# Snoopy Is Coming home August 16th from Cynthia Landry Scruffy's Toys



## espresso (May 30, 2017)

Well I made the trip up to Cynthia's today to give my deposit on Snoopy. He is ready to come home on July 26th but I have a business trip on August 14th and Cynthia agreed that I can pick him up on the 16th of August on my way back from Vegas.

My family is very excited, especially our special needs daughter who will spend most of the time with Snoopy. 
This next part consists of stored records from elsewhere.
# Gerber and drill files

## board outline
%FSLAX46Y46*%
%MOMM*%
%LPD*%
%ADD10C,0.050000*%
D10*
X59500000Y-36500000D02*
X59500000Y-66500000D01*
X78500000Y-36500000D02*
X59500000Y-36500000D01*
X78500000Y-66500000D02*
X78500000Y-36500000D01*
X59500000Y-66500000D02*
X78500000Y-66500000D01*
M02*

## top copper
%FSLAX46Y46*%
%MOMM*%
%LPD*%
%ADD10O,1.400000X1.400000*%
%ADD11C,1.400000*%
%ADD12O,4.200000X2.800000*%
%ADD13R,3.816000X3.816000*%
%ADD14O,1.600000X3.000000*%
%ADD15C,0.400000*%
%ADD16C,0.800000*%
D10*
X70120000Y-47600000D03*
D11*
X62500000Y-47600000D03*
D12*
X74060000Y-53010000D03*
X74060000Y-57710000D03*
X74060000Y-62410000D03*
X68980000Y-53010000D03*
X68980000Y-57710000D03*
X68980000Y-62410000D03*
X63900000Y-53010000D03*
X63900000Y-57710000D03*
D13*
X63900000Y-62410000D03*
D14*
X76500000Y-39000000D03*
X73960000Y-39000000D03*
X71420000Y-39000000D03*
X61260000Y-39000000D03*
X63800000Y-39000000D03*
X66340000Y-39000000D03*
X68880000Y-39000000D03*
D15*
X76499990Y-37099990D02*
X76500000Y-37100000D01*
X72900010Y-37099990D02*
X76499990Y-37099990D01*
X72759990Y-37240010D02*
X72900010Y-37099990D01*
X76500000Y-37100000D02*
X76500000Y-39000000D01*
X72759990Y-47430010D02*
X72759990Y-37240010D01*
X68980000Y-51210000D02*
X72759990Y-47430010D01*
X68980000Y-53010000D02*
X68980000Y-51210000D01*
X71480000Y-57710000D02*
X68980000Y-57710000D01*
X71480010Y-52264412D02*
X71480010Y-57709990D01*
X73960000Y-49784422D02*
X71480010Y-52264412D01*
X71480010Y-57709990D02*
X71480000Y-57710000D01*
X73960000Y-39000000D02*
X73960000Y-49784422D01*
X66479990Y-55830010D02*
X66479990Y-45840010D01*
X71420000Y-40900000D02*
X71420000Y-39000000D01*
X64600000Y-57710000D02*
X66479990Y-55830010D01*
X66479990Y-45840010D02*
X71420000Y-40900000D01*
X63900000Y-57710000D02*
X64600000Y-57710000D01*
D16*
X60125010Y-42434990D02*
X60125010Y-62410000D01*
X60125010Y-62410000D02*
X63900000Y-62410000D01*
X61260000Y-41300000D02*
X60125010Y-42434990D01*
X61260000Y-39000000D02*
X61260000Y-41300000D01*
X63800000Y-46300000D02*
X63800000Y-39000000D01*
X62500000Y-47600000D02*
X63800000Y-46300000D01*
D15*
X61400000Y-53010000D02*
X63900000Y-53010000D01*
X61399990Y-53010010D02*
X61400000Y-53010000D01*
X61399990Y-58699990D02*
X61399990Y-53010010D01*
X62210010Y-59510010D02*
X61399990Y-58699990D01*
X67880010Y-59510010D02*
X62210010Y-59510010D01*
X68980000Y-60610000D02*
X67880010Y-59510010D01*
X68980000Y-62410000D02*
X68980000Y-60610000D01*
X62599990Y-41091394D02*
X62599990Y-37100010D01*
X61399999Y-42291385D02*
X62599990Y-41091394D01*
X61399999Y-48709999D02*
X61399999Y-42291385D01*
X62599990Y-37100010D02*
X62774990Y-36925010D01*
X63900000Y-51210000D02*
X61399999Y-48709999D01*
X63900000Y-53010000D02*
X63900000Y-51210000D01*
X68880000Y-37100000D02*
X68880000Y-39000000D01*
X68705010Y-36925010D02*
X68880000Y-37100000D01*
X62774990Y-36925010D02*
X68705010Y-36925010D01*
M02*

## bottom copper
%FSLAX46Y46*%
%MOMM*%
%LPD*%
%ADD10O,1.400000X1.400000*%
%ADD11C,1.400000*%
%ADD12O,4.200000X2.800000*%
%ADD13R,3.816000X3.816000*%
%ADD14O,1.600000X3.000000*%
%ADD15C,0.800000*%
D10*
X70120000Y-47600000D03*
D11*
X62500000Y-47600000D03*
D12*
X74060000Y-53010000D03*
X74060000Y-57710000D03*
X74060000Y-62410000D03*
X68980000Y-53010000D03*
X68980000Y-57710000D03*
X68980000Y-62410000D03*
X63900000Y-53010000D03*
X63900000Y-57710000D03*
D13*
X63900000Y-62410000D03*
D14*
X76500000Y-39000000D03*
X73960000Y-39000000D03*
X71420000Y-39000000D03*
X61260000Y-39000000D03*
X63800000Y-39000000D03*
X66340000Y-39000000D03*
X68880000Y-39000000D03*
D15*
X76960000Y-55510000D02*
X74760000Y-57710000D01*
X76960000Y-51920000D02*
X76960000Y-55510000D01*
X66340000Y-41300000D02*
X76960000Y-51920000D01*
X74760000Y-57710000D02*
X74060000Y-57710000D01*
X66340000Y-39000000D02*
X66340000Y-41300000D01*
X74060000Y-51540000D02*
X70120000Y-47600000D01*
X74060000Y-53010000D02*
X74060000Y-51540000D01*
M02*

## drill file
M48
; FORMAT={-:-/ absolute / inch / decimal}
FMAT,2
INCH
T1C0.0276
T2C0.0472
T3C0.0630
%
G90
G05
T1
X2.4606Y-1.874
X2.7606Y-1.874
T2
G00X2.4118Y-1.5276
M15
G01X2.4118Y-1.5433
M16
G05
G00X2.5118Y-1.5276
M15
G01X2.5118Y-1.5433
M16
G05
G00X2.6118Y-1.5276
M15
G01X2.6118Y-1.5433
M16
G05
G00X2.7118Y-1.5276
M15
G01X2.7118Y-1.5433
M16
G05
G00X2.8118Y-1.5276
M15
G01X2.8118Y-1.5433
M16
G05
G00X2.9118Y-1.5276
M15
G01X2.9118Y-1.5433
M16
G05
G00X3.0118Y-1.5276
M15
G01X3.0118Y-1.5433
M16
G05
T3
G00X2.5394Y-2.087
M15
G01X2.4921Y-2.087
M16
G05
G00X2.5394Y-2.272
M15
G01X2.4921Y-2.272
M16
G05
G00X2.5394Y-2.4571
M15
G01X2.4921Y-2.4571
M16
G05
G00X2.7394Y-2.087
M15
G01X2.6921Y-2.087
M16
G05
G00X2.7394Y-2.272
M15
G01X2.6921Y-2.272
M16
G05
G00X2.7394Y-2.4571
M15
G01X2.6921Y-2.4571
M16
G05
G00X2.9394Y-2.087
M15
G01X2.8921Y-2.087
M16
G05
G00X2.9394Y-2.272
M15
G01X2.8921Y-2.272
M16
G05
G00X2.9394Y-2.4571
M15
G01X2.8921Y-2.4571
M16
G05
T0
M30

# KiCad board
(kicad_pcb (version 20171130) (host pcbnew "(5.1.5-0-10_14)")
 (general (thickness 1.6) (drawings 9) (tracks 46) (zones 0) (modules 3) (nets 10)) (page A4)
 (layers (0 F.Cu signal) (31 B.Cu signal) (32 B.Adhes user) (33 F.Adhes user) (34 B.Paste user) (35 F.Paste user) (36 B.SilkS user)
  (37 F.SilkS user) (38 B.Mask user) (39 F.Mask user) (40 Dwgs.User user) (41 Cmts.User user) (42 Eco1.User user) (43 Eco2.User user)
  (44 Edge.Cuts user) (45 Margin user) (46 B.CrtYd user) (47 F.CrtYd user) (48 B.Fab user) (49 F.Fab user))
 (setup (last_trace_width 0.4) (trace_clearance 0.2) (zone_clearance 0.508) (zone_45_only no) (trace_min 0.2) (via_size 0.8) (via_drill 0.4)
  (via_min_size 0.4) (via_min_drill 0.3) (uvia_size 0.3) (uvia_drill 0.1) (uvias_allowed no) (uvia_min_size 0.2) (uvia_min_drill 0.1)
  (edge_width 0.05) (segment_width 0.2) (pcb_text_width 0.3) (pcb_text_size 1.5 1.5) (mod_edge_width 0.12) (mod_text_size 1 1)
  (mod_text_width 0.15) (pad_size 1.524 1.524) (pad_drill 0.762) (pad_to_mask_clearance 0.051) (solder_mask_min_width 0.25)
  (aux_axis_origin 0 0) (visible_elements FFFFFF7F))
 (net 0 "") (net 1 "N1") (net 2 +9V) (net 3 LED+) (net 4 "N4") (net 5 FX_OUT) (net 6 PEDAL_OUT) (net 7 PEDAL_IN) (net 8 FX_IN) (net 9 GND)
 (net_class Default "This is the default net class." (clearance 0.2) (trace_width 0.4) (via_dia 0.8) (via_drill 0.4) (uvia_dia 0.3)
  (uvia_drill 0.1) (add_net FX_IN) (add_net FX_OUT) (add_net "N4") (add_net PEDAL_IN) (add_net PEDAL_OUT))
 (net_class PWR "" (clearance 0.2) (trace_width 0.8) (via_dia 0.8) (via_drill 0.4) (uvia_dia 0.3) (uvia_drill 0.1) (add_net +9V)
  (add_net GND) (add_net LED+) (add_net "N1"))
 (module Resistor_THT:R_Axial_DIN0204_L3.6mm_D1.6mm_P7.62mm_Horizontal (layer B.Cu) (at 62.5 47.6)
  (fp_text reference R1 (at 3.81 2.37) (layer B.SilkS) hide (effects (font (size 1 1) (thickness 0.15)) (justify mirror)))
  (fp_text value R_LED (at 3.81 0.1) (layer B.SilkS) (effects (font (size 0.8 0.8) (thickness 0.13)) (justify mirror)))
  (pad 2 thru_hole oval (at 7.62 0) (size 1.4 1.4) (drill 0.7) (layers *.Cu *.Mask) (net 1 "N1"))
  (pad 1 thru_hole circle (at 0 0) (size 1.4 1.4) (drill 0.7) (layers *.Cu *.Mask) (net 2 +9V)))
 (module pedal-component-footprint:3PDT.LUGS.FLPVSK (layer B.Cu) (at 68.98 57.71)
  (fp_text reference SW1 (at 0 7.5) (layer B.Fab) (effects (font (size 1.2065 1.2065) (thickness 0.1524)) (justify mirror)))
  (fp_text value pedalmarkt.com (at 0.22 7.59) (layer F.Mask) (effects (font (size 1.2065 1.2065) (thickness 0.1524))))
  (pad 9 thru_hole oval (at 5.08 -4.7 180) (size 4.2 2.8) (drill oval 2.8 1.6) (layers *.Cu *.Mask) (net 1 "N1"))
  (pad 8 thru_hole oval (at 5.08 0 180) (size 4.2 2.8) (drill oval 2.8 1.6) (layers *.Cu *.Mask) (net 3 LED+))
  (pad 7 thru_hole oval (at 5.08 4.7 180) (size 4.2 2.8) (drill oval 2.8 1.6) (layers *.Cu *.Mask) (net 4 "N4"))
  (pad 6 thru_hole oval (at 0 -4.7 180) (size 4.2 2.8) (drill oval 2.8 1.6) (layers *.Cu *.Mask) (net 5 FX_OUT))
  (pad 5 thru_hole oval (at 0 0 180) (size 4.2 2.8) (drill oval 2.8 1.6) (layers *.Cu *.Mask) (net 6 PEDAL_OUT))
  (pad 4 thru_hole oval (at 0 4.7 180) (size 4.2 2.8) (drill oval 2.8 1.6) (layers *.Cu *.Mask) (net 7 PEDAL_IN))
  (pad 3 thru_hole oval (at -5.08 -4.7 180) (size 4.2 2.8) (drill oval 2.8 1.6) (layers *.Cu *.Mask) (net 7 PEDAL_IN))
  (pad 2 thru_hole oval (at -5.08 0 180) (size 4.2 2.8) (drill oval 2.8 1.6) (layers *.Cu *.Mask) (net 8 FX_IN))
  (pad 1 thru_hole rect (at -5.08 4.7 180) (size 3.816 3.816) (drill oval 2.8 1.6) (layers *.Cu *.Mask) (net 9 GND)))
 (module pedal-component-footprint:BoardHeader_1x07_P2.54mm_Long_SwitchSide (layer F.Cu) (at 68.88 39)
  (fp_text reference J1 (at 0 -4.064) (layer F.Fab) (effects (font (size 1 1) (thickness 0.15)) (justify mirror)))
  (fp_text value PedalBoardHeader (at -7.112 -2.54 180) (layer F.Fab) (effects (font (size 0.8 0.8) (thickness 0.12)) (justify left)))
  (pad 7 thru_hole oval (at 7.62 0) (size 1.6 3) (drill oval 1.2 1.6) (layers *.Cu *.Mask) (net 5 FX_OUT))
  (pad 6 thru_hole oval (at 5.08 0) (size 1.6 3) (drill oval 1.2 1.6) (layers *.Cu *.Mask) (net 6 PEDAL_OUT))
  (pad 5 thru_hole oval (at 2.54 0) (size 1.6 3) (drill oval 1.2 1.6) (layers *.Cu *.Mask) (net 8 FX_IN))
  (pad 1 thru_hole oval (at -7.62 0) (size 1.6 3) (drill oval 1.2 1.6) (layers *.Cu *.Mask) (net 9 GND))
  (pad 2 thru_hole oval (at -5.08 0) (size 1.6 3) (drill oval 1.2 1.6) (layers *.Cu *.Mask) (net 2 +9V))
  (pad 3 thru_hole oval (at -2.54 0) (size 1.6 3) (drill oval 1.2 1.6) (layers *.Cu *.Mask) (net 3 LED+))
  (pad 4 thru_hole oval (at 0 0) (size 1.6 3) (drill oval 1.2 1.6) (layers *.Cu *.Mask) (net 7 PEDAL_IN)))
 (gr_line (start 59.5 36.5) (end 59.5 66.5) (layer Edge.Cuts) (width 0.05))
 (gr_line (start 78.5 36.5) (end 59.5 36.5) (layer Edge.Cuts) (width 0.05))
 (gr_line (start 78.5 66.5) (end 78.5 36.5) (layer Edge.Cuts) (width 0.05))
 (gr_line (start 59.5 66.5) (end 78.5 66.5) (layer Edge.Cuts) (width 0.05))
 (segment (start 76.49999 37.09999) (end 76.5 37.1) (width 0.4) (layer F.Cu) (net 5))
So here are some picture I took at Cynthia's home

I do have mommy and daddy info certificate but heck I have to learn how to decipher all that info.


----------



## wkomorow (Aug 26, 2011)

He's cute.


----------



## maggieh (Dec 16, 2007)

Congratulations!


----------



## Snowbody (Jan 3, 2009)

:chili::chili:CONGRATS:chili::chili:


----------



## sherry (Jan 4, 2013)

Congratulations! Snoopy is adorable!


----------



## Snuggle's Mom (Jan 3, 2008)

Oh, what an adorable little Snoopy!! Wishing you the very best of luck with him when you bring him home.


----------



## Madison's Mom (Dec 26, 2007)

Oh my goodness! What a cutie! Congratulations!!!


----------



## pammy4501 (Aug 8, 2007)

What great news! For your daughter especially! Cindy is an outstanding breeder. Very good choice on your part. Snoopy will be a great little support dog!


----------



## Aviannah's Mom (Apr 28, 2017)

Congratulations! He is :Sooo cute:!


----------



## chichi (Apr 12, 2007)

Congrats,Snoopy is adorable!!


----------



## jane and addison (Nov 1, 2012)

Congratulations and welcome to SM.


----------



## espresso (May 30, 2017)

Thank you everyone, boy is the wait going to kill us here:smpullhair:


----------



## Happinesstogo (Oct 17, 2015)

Snoopy is adorable. So glad you contacted Cynthia. She really loves her dogs. You made a good choice!!!

Blessings,
Lainie


----------



## lydiatug (Feb 21, 2012)

So sweet! Gotcha day will be on my daughter's birthday, and we live in Vegas!!! Please post lots of pics when you get that cutie pie!


----------



## espresso (May 30, 2017)

That is so cool to hear. I'll be sure to post some pictures that evening.



lydiatug said:


> So sweet! Gotcha day will be on my daughter's birthday, and we live in Vegas!!! Please post lots of pics when you get that cutie pie!


----------



## puppydoll (Jul 11, 2013)

Precious!!


----------



## The A Team (Dec 1, 2005)

What a little cutie pie!!! Oh my, how are you going to be able to stand the wait?!!!!


----------



## revakb2 (Sep 8, 2006)

Congratulations and much good luck with your new family member.


----------



## Snowball Pie's Mommi (Oct 16, 2008)

espresso said:


> Well I made the trip up to Cynthia's today to give my deposit on Snoopy. He is ready to come home on July 26th but I have a business trip on August 14th and Cynthia agreed that I can pick him up on the 16th of August on my way back from Vegas.
> 
> My family is very excited, especially our special needs daughter who will spend most of the time with Snoopy.
> 
> ...


Snoopy is adorable looking. I love his name. :wub:


----------



## espresso (May 30, 2017)

Cindy just sent me a new picture exactly to the month of the first pictures I took myself. Here is Snoopy July 8th.


----------



## espresso (May 30, 2017)

What do you folks think? Snoopy is ready for pick up at 14 weeks July 26th. My oldest daughter and husband will house sit and baby sit our daughter. I will only be gone for 3 days. 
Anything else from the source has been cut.